柳依婷大惊,问:“师傅不是教徒儿做人做事要光明磊落,不可行邪魔歪道之事吗?”

老人轻松的说道:“那是相比较对于你来说的弱者而言,要是遇到比你厉害,你难道等着送死吗?做人要懂得变通,不可墨守成规。”

柳依婷恍然大悟,感慨道:“师傅果然是顶尖高手。”

老人道:“此毒药服用后内力尽失,全身无力,十二个时辰后便无大碍,一共一颗,你省着点用。”

柳依婷不满的大呼:“师傅,您就给我一颗,我怎么省着用啊。”

老人瞪眼:“为师一共才炼制两颗,其中一颗被老鼠啃了,你要学会知足。”

柳依婷又呼叫道:“这么珍贵的毒药,师傅为何不多炼制几颗?”

老人道:“没时间啊,你师娘最近让为师炼制一种能有效灭鼠又不会对人有危害的毒药。”

柳依婷深感同情:“师傅您辛苦了。”

师徒对话(3)

老人起身:“时候不早了,你师娘见不得分别的伤感,就不送你了。”

柳依婷把红色的瓷瓶小心地塞进怀里,跟着起身道:“徒儿谢谢师傅师娘的救命之恩,以及再造之恩,日后徒儿一定会报答师傅师娘的大恩大德。”

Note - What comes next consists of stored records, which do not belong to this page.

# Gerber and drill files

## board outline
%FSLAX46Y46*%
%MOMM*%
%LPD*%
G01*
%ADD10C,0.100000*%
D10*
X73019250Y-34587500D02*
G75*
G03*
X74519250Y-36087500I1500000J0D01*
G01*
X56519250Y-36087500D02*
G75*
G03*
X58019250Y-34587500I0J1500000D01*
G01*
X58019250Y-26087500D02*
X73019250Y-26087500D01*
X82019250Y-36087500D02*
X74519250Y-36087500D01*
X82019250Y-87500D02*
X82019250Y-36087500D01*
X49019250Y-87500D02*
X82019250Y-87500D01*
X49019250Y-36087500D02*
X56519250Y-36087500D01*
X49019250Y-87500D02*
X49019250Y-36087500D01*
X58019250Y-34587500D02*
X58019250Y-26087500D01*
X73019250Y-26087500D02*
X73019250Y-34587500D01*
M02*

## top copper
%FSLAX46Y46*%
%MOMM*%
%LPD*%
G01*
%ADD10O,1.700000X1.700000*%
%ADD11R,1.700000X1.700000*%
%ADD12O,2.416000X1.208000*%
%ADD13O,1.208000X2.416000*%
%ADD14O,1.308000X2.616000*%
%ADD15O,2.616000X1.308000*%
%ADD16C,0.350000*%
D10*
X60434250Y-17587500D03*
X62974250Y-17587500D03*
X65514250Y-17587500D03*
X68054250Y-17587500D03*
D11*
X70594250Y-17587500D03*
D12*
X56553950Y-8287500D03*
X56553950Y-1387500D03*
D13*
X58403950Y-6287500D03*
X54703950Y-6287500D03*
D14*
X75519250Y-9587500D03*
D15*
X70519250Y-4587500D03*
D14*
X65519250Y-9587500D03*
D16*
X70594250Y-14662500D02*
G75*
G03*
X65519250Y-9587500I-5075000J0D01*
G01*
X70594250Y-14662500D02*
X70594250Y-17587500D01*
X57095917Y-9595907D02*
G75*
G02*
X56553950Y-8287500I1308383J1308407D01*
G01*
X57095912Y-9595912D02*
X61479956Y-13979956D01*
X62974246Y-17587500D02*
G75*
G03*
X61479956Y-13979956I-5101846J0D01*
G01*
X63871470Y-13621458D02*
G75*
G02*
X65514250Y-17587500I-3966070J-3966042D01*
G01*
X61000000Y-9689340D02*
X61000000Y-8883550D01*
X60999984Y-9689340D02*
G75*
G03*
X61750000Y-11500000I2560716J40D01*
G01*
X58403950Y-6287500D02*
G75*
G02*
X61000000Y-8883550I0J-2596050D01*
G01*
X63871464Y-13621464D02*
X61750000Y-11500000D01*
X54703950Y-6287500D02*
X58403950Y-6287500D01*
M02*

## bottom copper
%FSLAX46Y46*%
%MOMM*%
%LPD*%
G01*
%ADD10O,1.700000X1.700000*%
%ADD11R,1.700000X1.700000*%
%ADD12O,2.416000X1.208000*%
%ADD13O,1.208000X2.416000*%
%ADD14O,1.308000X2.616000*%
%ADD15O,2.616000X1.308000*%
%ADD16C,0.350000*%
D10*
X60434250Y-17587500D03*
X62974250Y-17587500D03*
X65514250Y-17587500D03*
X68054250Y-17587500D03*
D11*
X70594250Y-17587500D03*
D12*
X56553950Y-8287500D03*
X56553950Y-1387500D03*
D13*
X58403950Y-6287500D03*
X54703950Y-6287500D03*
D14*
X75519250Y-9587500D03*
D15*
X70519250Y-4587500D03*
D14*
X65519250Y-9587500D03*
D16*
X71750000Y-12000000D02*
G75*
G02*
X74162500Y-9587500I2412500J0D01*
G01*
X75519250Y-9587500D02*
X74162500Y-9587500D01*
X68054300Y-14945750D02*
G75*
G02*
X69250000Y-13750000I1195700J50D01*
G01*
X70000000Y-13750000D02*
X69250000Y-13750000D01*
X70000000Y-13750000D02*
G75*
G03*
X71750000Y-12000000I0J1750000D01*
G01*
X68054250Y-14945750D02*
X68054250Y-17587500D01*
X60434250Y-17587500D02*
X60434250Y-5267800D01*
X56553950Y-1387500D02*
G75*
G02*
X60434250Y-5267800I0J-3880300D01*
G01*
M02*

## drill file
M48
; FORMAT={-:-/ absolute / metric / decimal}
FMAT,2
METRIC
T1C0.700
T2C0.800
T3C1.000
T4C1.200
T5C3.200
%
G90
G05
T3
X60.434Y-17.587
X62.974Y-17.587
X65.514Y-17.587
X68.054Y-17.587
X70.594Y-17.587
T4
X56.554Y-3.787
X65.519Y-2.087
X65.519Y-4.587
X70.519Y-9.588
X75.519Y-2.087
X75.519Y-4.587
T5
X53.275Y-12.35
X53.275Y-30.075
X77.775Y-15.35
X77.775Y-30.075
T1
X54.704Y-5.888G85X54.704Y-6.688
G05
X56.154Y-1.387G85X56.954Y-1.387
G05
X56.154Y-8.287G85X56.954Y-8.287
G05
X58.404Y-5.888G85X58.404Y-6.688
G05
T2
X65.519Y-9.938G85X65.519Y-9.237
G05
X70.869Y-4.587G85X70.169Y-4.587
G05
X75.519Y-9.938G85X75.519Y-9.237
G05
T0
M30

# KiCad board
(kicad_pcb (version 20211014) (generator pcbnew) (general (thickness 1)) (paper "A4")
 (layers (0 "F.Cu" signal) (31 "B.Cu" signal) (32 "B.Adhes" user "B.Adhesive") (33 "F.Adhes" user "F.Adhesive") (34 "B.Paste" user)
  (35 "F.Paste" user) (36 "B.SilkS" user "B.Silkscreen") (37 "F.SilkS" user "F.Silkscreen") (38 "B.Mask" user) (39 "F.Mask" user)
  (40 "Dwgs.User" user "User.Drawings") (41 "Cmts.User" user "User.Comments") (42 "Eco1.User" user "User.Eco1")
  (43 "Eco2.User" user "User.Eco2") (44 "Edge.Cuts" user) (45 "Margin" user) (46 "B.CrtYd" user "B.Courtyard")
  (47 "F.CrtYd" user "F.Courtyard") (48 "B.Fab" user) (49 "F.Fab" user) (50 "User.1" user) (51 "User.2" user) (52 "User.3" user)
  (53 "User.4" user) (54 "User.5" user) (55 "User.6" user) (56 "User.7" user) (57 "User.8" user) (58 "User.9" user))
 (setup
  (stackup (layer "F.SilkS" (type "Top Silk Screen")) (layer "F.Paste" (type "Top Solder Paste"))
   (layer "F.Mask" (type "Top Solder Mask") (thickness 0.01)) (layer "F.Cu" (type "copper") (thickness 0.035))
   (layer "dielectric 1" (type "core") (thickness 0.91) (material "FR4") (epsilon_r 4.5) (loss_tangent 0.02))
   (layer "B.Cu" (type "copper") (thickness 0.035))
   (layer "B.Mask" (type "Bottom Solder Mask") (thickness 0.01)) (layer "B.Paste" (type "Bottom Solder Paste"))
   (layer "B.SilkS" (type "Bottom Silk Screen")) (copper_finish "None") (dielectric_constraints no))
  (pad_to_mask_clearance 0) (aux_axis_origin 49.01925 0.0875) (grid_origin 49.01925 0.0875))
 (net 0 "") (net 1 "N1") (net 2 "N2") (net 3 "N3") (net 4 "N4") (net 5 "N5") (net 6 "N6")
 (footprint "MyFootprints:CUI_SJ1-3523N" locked (layer "F.Cu") (at 70.51925 4.5875 180)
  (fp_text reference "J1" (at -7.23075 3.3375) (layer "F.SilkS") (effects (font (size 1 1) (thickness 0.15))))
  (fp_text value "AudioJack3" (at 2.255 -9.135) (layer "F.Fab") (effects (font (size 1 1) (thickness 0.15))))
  (pad "" np_thru_hole circle locked (at 0 -5 180) (size 1.2 1.2) (drill 1.2) (layers *.Cu *.Mask))
  (pad "" np_thru_hole circle locked (at 5 0 180) (size 1.2 1.2) (drill 1.2) (layers *.Cu *.Mask))
  (pad "" np_thru_hole circle locked (at -5 2.5 180) (size 1.2 1.2) (drill 1.2) (layers *.Cu *.Mask))
  (pad "" np_thru_hole circle locked (at 5 2.5 180) (size 1.2 1.2) (drill 1.2) (layers *.Cu *.Mask))
  (pad "" np_thru_hole circle locked (at -5 0 180) (size 1.2 1.2) (drill 1.2) (layers *.Cu *.Mask))
  (pad "R" thru_hole oval locked (at -5 -5 180) (size 1.308 2.616) (drill oval 0.8 1.5) (layers *.Cu *.Mask) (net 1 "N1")
   (solder_mask_margin 0.102))
  (pad "S" thru_hole oval locked (at 0 0 180) (size 2.616 1.308) (drill oval 1.5 0.8) (layers *.Cu *.Mask) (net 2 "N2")
   (solder_mask_margin 0.102))
  (pad "T" thru_hole oval locked (at 5 -5 180) (size 1.308 2.616) (drill oval 0.8 1.5) (layers *.Cu *.Mask) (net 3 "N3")
   (solder_mask_margin 0.102)))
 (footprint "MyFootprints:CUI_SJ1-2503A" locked (layer "F.Cu") (at 56.55395 1.3875)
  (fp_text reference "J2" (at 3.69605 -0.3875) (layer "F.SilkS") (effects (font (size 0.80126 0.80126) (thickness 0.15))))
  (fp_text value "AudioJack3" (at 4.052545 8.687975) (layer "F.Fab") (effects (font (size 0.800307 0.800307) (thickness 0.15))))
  (pad "" np_thru_hole circle locked (at 0 2.4) (size 1.2 1.2) (drill 1.2) (layers *.Cu *.Mask))
  (pad "R" thru_hole oval locked (at 0 6.9) (size 2.416 1.208) (drill oval 1.5 0.7) (layers *.Cu *.Mask) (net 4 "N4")
   (solder_mask_margin 0.102))
  (pad "S" thru_hole oval locked (at 0 0) (size 2.416 1.208) (drill oval 1.5 0.7) (layers *.Cu *.Mask) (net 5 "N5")
   (solder_mask_margin 0.102))
  (pad "T" thru_hole oval locked (at 1.85 4.9) (size 1.208 2.416) (drill oval 0.7 1.5) (layers *.Cu *.Mask) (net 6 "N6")
   (solder_mask_margin 0.102))
  (pad "T" thru_hole oval locked (at -1.85 4.9) (size 1.208 2.416) (drill oval 0.7 1.5) (layers *.Cu *.Mask) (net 6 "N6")
   (solder_mask_margin 0.102)))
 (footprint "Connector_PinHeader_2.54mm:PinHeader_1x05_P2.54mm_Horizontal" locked (layer "F.Cu") (at 70.59425 17.5875 -90)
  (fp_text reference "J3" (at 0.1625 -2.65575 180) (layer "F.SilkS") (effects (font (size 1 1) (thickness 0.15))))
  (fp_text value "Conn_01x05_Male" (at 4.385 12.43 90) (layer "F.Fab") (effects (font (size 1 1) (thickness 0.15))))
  (pad "1" thru_hole rect locked (at 0 0 270) (size 1.7 1.7) (drill 1) (layers *.Cu *.Mask) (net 3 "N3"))
  (pad "2" thru_hole oval locked (at 0 2.54 270) (size 1.7 1.7) (drill 1) (layers *.Cu *.Mask) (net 1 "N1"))
  (pad "3" thru_hole oval locked (at 0 5.08 270) (size 1.7 1.7) (drill 1) (layers *.Cu *.Mask) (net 6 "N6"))
  (pad "4" thru_hole oval locked (at 0 7.62 270) (size 1.7 1.7) (drill 1) (layers *.Cu *.Mask) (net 4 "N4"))
  (pad "5" thru_hole oval locked (at 0 10.16 270) (size 1.7 1.7) (drill 1) (layers *.Cu *.Mask) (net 5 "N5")))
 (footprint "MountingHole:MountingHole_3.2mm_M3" (layer "F.Cu") (at 77.775 30.075)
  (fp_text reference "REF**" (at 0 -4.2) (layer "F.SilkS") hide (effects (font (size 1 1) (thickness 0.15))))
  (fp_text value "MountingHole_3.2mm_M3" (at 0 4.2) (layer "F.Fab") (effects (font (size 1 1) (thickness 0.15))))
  (pad "" np_thru_hole circle locked (at 0 0) (size 3.2 3.2) (drill 3.2) (layers *.Cu *.Mask)))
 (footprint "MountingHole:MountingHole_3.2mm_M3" (layer "F.Cu") (at 53.275 12.35)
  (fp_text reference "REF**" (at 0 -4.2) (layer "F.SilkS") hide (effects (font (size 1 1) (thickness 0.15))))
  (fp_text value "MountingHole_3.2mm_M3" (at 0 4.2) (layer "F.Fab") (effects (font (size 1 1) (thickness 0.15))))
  (pad "" np_thru_hole circle locked (at 0 0) (size 3.2 3.2) (drill 3.2) (layers *.Cu *.Mask)))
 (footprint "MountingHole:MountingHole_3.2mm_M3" (layer "F.Cu") (at 77.775 15.35)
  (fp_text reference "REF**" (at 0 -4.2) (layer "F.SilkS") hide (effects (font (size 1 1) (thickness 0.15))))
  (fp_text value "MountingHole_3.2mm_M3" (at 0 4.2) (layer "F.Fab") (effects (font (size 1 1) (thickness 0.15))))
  (pad "" np_thru_hole circle locked (at 0 0) (size 3.2 3.2) (drill 3.2) (layers *.Cu *.Mask)))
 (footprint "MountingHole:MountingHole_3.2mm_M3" (layer "F.Cu") (at 53.275 30.075)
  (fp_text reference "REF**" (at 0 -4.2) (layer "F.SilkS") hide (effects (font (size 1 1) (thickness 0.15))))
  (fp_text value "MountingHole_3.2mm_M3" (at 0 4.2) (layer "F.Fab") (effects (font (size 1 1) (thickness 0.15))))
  (pad "" np_thru_hole circle locked (at 0 0) (size 3.2 3.2) (drill 3.2) (layers *.Cu *.Mask)))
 (gr_line (start 49.01925 0.0875) (end 82.01925 0.0875) (layer "Edge.Cuts") (width 0.1))
 (gr_arc (start 58.01925 34.5875) (mid 57.57991 35.64816) (end 56.51925 36.0875) (layer "Edge.Cuts") (width 0.1))
 (gr_line (start 82.01925 36.0875) (end 74.51925 36.0875) (layer "Edge.Cuts") (width 0.1))
 (gr_arc (start 74.51925 36.0875) (mid 73.45859 35.64816) (end 73.01925 34.5875) (layer "Edge.Cuts") (width 0.1))
 (gr_line (start 49.01925 36.0875) (end 56.51925 36.0875) (layer "Edge.Cuts") (width 0.1))
 (gr_line (start 82.01925 0.0875) (end 82.01925 36.0875) (layer "Edge.Cuts") (width 0.1))
 (gr_line (start 49.01925 0.0875) (end 49.01925 36.0875) (layer "Edge.Cuts") (width 0.1))
 (gr_line (start 73.01925 26.0875) (end 73.01925 34.5875) (layer "Edge.Cuts") (width 0.1))
 (gr_line (start 58.01925 34.5875) (end 58.01925 26.0875) (layer "Edge.Cuts") (width 0.1))
 (gr_line (start 58.01925 26.0875) (end 73.01925 26.0875) (layer "Edge.Cuts") (width 0.1))
 (segment (start 68.05425 14.94575) (end 68.05425 17.5875) (width 0.35) (layer "B.Cu") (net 1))
 (segment (start 70 13.75) (end 69.25 13.75) (width 0.35) (layer "B.Cu") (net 1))
 (segment (start 75.51925 9.5875) (end 74.1625 9.5875) (width 0.35) (layer "B.Cu") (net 1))
 (arc (start 71.75 12) (mid 71.237437 13.237437) (end 70 13.75) (width 0.35) (layer "B.Cu") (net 1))
 (arc (start 69.25 13.75) (mid 68.404477 14.100227) (end 68.05425 14.94575) (width 0.35) (layer "B.Cu") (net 1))
 (arc (start 74.1625 9.5875) (mid 72.456605 10.294105) (end 71.75 12) (width 0.35) (layer "B.Cu") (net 1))
 (segment (start 70.59425 14.6625) (end 70.59425 17.5875) (width 0.35) (layer "F.Cu") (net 3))
 (arc (start 65.51925 9.5875) (mid 69.107817 11.073933) (end 70.59425 14.6625) (width 0.35) (layer "F.Cu") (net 3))
 (segment (start 57.095912 9.595912) (end 61.479956 13.979956) (width 0.35) (layer "F.Cu") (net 4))
 (arc (start 61.479956 13.979956) (mid 62.585895 15.635111) (end 62.97425 17.5875) (width 0.35) (layer "F.Cu") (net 4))
 (arc (start 56.55395 8.2875) (mid 56.694801 8.995607) (end 57.095912 9.595912) (width 0.35) (layer "F.Cu") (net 4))
 (segment (start 60.43425 17.5875) (end 60.43425 5.2678) (width 0.35) (layer "B.Cu") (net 5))
 (arc (start 60.43425 5.2678) (mid 59.297736 2.524014) (end 56.55395 1.3875) (width 0.35) (layer "B.Cu") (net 5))
 (segment (start 61 9.68934) (end 61 8.88355) (width 0.35) (layer "F.Cu") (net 6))
 (segment (start 54.70395 6.2875) (end 58.40395 6.2875) (width 0.35) (layer "F.Cu") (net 6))
 (segment (start 63.871464 13.621464) (end 61.75 11.5) (width 0.35) (layer "F.Cu") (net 6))
 (arc (start 61.75 11.5) (mid 61.194918 10.669262) (end 61 9.68934) (width 0.35) (layer "F.Cu") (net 6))
 (arc (start 65.51425 17.5875) (mid 65.087304 15.441097) (end 63.871464 13.621464) (width 0.35) (layer "F.Cu") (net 6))
 (arc (start 61 8.88355) (mid 60.239635 7.047865) (end 58.40395 6.2875) (width 0.35) (layer "F.Cu") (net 6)))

老人摆摆手,走到峭壁处:“离开山谷的捷径便是从谷底直接跳上绝暮崖,用为师教你的独门轻功便可,但你的内力不深,因此为师会助你一臂之力。”

柳依婷谢过老人。

仰望高不见顶的峭壁。

她的伤势早已痊愈,拜老人为师,习独步轻功,为了不再成为夏辰兮的弱点,不再面对敌人速手无错。

三年。

他还记得她吗?

柳依婷伸手轻按胸口,胸口处用红绳挂着的是他的免死金牌。她有点无奈,有点想笑,又有点想哭。

别人家男主角一般都送女主角玉佩、首饰,她居然拿了一块既不能啃又不能卖的免死金牌,还差点因为这块免死金牌丢了性命。

柳依婷问:“师傅,您教的轻功和给我的毒药都叫什么名字?”

老人乐呵呵地道:“逃你没商量和毒你不偿命。”

“……”

绝暮崖的谷底。

柳依婷深吸一口气,足尖离地,腾空而起。

老人提气,正要使力,却发现柳依婷又着地了。

老人吹胡子瞪眼睛,大吼道:“为师教你多少边了,为师这套逃你没商量轻功需要配合内力,你都没运气,就想靠蛮力跳上去吗?”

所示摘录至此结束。